If your really into racing games and sims check out these links below. Team VVV is a guy on youtube who does reviews and previews of racing games on all platforms http://www.youtube.com/user/teamvvv?feature=results_main

Inside sim racing is an american website for racing games and more serious simracing on things like iracing and rFactor. If you look at the like and click on 'Simrigs' you can see people setups at home some of these are totally amazing. http://www.insidesimracing.tv/

They also have a youtube channel http://www.youtube.com/user/simracingtonight

Example extreme rig http://www.insidesimracing.tv/forums/viewtopic.php?f=110&t=5479

Enjoy!


----------



## Edward101 (Jun 5, 2009)

Cheers for the links! I will most probably get F1 2012 in September, but we will have to have a few online games on GT5 and Dirt 3. See if we can get a GT5 race going for people on here? Would love a better set up, but I really need to save at the moment, just bought another camera  Not cheap :lol: 

Had ago again on GT Academy, really cant improve my times now, can match them again but just cant physically go any quicker.


----------



## tmitch45 (Jul 29, 2006)

Had a quick go last night on GT Achademy focusing on the second group of tests (not the leaf) and there is not a chance of me getting anywhere near the leaders!!! Also you guys from here are pretty dam quick as well (Edward101 and Aero) am gettinng better but can't quite get past you guys. 

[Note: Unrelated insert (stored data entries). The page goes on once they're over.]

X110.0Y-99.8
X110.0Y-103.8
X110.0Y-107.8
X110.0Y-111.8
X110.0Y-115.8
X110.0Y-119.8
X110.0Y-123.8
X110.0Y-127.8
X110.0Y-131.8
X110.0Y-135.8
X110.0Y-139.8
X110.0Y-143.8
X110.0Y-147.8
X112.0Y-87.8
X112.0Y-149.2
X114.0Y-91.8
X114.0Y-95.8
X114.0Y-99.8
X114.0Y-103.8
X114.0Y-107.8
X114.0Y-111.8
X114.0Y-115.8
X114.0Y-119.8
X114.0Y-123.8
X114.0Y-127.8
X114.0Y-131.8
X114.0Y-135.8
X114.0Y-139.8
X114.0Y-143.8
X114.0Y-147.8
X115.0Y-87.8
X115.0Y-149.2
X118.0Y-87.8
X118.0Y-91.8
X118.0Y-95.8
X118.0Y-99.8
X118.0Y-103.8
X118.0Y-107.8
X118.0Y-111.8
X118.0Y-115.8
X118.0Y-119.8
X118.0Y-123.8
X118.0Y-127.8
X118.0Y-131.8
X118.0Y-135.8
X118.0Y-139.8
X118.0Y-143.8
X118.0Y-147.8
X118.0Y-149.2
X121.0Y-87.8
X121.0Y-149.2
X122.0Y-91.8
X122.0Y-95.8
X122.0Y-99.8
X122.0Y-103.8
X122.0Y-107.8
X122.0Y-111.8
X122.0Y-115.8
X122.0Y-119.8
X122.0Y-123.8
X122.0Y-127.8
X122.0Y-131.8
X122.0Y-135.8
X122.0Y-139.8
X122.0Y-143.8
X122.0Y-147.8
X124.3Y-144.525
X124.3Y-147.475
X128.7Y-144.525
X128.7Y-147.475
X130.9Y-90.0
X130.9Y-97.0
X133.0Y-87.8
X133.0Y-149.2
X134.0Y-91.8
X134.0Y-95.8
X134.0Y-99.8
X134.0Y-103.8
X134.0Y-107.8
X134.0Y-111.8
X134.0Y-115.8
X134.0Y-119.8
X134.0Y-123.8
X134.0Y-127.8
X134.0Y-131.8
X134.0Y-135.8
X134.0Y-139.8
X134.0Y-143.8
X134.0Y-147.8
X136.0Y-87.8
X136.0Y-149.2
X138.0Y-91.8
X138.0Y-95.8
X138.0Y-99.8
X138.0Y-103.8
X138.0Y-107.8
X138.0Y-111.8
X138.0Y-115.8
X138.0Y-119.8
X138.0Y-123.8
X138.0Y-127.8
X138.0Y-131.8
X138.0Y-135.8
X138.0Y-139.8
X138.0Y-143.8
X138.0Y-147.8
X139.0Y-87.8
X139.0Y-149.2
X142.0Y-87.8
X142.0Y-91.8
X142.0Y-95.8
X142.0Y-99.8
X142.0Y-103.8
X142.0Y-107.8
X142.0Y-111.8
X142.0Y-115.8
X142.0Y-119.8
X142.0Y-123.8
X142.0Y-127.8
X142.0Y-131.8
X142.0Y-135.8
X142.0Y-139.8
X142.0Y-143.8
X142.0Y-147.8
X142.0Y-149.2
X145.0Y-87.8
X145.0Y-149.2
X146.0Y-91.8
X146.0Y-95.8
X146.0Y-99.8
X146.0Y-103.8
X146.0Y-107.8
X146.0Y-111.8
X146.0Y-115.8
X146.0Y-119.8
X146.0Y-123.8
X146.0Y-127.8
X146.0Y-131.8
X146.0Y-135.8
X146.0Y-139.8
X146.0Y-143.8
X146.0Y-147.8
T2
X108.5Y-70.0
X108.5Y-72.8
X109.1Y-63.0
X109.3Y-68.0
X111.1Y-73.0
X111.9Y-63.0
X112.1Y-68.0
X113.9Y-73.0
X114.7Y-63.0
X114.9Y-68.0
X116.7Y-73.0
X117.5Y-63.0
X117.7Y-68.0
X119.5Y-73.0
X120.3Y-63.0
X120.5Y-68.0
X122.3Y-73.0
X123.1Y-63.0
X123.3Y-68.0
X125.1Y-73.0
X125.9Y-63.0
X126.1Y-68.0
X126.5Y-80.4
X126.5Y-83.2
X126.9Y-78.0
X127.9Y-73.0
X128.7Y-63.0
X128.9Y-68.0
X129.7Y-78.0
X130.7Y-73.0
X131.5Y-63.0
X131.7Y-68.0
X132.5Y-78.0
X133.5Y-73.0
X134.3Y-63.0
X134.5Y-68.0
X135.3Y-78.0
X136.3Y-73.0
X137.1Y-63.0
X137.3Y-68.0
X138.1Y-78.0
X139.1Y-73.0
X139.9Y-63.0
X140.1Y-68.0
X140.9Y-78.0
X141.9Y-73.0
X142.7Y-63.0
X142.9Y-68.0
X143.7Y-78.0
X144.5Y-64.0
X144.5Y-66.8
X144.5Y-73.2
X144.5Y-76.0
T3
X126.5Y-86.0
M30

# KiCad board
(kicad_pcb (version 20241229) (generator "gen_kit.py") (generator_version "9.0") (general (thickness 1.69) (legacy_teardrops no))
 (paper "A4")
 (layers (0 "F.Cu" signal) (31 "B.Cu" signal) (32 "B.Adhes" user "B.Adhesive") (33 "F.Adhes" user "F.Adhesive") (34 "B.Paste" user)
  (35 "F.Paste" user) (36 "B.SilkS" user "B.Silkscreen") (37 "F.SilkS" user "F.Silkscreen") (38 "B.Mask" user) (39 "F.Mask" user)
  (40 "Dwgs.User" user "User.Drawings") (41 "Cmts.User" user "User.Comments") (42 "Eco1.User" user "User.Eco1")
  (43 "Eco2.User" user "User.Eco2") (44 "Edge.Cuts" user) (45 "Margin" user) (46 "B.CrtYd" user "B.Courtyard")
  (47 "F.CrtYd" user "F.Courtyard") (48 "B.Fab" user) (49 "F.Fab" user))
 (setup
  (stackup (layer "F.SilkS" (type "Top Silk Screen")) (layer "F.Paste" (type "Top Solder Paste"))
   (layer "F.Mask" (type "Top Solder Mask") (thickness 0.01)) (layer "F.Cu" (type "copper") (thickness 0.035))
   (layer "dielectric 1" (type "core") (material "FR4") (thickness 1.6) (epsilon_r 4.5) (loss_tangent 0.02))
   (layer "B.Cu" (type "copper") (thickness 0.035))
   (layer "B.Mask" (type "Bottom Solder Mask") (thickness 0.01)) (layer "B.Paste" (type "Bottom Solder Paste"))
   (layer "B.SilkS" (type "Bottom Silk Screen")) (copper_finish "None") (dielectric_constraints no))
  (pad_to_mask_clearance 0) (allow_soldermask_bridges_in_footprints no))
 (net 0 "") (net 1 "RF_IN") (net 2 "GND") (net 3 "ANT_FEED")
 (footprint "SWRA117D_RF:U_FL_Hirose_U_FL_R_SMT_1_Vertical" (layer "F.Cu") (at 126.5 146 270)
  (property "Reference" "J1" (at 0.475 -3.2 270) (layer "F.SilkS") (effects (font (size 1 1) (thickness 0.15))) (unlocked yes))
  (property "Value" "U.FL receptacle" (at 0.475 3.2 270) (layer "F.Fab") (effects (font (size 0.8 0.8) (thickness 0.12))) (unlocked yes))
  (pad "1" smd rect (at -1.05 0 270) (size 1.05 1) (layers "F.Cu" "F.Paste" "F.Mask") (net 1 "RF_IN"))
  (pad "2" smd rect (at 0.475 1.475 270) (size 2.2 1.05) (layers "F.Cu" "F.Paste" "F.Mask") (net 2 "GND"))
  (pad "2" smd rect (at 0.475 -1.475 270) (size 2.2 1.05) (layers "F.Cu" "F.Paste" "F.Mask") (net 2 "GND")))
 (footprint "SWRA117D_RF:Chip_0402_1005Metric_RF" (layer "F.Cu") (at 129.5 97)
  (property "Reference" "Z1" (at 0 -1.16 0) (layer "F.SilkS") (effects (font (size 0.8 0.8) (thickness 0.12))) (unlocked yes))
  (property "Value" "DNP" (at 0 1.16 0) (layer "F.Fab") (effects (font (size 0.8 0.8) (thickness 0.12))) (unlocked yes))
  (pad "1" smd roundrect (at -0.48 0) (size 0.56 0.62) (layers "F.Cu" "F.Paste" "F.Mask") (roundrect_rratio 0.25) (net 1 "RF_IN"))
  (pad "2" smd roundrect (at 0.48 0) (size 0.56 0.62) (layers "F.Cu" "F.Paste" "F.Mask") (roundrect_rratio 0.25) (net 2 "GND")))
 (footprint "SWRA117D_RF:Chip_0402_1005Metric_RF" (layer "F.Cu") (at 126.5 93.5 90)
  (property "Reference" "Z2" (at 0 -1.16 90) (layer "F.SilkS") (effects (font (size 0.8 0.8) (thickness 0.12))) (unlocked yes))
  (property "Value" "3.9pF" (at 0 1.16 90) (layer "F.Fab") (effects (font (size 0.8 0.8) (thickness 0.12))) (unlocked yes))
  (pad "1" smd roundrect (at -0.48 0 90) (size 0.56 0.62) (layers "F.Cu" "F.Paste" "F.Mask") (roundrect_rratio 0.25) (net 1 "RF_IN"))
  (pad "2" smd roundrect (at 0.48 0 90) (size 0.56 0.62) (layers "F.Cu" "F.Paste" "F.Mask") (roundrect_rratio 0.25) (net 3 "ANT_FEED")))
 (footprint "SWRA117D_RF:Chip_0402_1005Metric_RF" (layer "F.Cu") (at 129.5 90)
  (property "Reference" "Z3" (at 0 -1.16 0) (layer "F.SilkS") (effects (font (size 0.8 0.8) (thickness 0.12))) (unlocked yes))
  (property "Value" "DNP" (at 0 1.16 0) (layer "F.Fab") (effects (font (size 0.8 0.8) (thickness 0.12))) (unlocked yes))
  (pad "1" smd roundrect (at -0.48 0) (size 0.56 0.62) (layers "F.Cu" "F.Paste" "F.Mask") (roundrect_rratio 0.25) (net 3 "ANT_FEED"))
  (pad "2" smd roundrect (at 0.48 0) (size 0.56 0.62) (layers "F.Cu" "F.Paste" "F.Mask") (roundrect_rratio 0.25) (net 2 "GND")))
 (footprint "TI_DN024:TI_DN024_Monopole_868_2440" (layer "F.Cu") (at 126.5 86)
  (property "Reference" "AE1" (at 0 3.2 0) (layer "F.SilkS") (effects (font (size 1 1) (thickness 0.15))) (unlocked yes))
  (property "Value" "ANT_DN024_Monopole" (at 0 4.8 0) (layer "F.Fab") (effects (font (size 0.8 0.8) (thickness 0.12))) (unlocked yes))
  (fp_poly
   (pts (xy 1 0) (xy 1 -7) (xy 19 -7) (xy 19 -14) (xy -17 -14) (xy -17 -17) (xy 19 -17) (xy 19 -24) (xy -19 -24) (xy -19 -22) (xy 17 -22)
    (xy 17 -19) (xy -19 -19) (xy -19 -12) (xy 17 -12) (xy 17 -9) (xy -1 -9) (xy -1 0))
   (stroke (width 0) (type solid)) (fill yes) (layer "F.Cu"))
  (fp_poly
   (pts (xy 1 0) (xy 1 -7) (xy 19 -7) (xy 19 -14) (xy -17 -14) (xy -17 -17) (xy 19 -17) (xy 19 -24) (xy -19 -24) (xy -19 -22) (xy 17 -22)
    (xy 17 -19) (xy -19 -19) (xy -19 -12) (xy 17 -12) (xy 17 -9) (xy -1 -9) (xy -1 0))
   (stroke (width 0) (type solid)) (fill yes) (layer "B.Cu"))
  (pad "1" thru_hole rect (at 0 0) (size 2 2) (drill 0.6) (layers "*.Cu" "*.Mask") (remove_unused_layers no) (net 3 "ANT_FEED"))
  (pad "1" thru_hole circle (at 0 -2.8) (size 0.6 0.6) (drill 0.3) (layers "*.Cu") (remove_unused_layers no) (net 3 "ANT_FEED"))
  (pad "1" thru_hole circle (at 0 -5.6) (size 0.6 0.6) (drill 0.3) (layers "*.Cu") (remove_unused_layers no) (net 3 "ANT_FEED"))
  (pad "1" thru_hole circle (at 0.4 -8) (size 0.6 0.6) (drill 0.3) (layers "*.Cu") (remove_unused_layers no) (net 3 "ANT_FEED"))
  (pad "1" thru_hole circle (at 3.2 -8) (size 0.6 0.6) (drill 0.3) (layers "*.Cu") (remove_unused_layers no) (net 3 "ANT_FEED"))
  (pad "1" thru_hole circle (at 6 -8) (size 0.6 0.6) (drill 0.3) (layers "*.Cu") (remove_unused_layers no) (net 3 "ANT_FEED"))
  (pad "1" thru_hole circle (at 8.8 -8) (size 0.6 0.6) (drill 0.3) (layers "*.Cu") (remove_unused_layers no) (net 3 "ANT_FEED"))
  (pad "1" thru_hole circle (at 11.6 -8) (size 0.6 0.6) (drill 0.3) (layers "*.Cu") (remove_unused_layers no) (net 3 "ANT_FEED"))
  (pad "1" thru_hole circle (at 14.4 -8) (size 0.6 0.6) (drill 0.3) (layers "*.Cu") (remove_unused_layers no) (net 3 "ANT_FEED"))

Aero are you using pad or wheel?

Edward your idea of a detailing world GT5 online race sounds good I tried to arrange one for F1 2011 and although we had a couple or good race nights there weren't really enough people with the game to have full grids. As GT5 is a more popular game it could be more successful and would need a new thread setting up for it.

I'll have another go tonight.


----------



## Edward101 (Jun 5, 2009)

I may get on later but I doubt I will better my times now - looking forward to the new events out on monday  won't get chance to get on till Wednesday though.

We will have to sort out a thread for some gt5 races, preferably same cars to make it a level field? 2 lap Nurburg races would be good fun... could start off with something slower like the swifts then work our way up to the more exotic stuff...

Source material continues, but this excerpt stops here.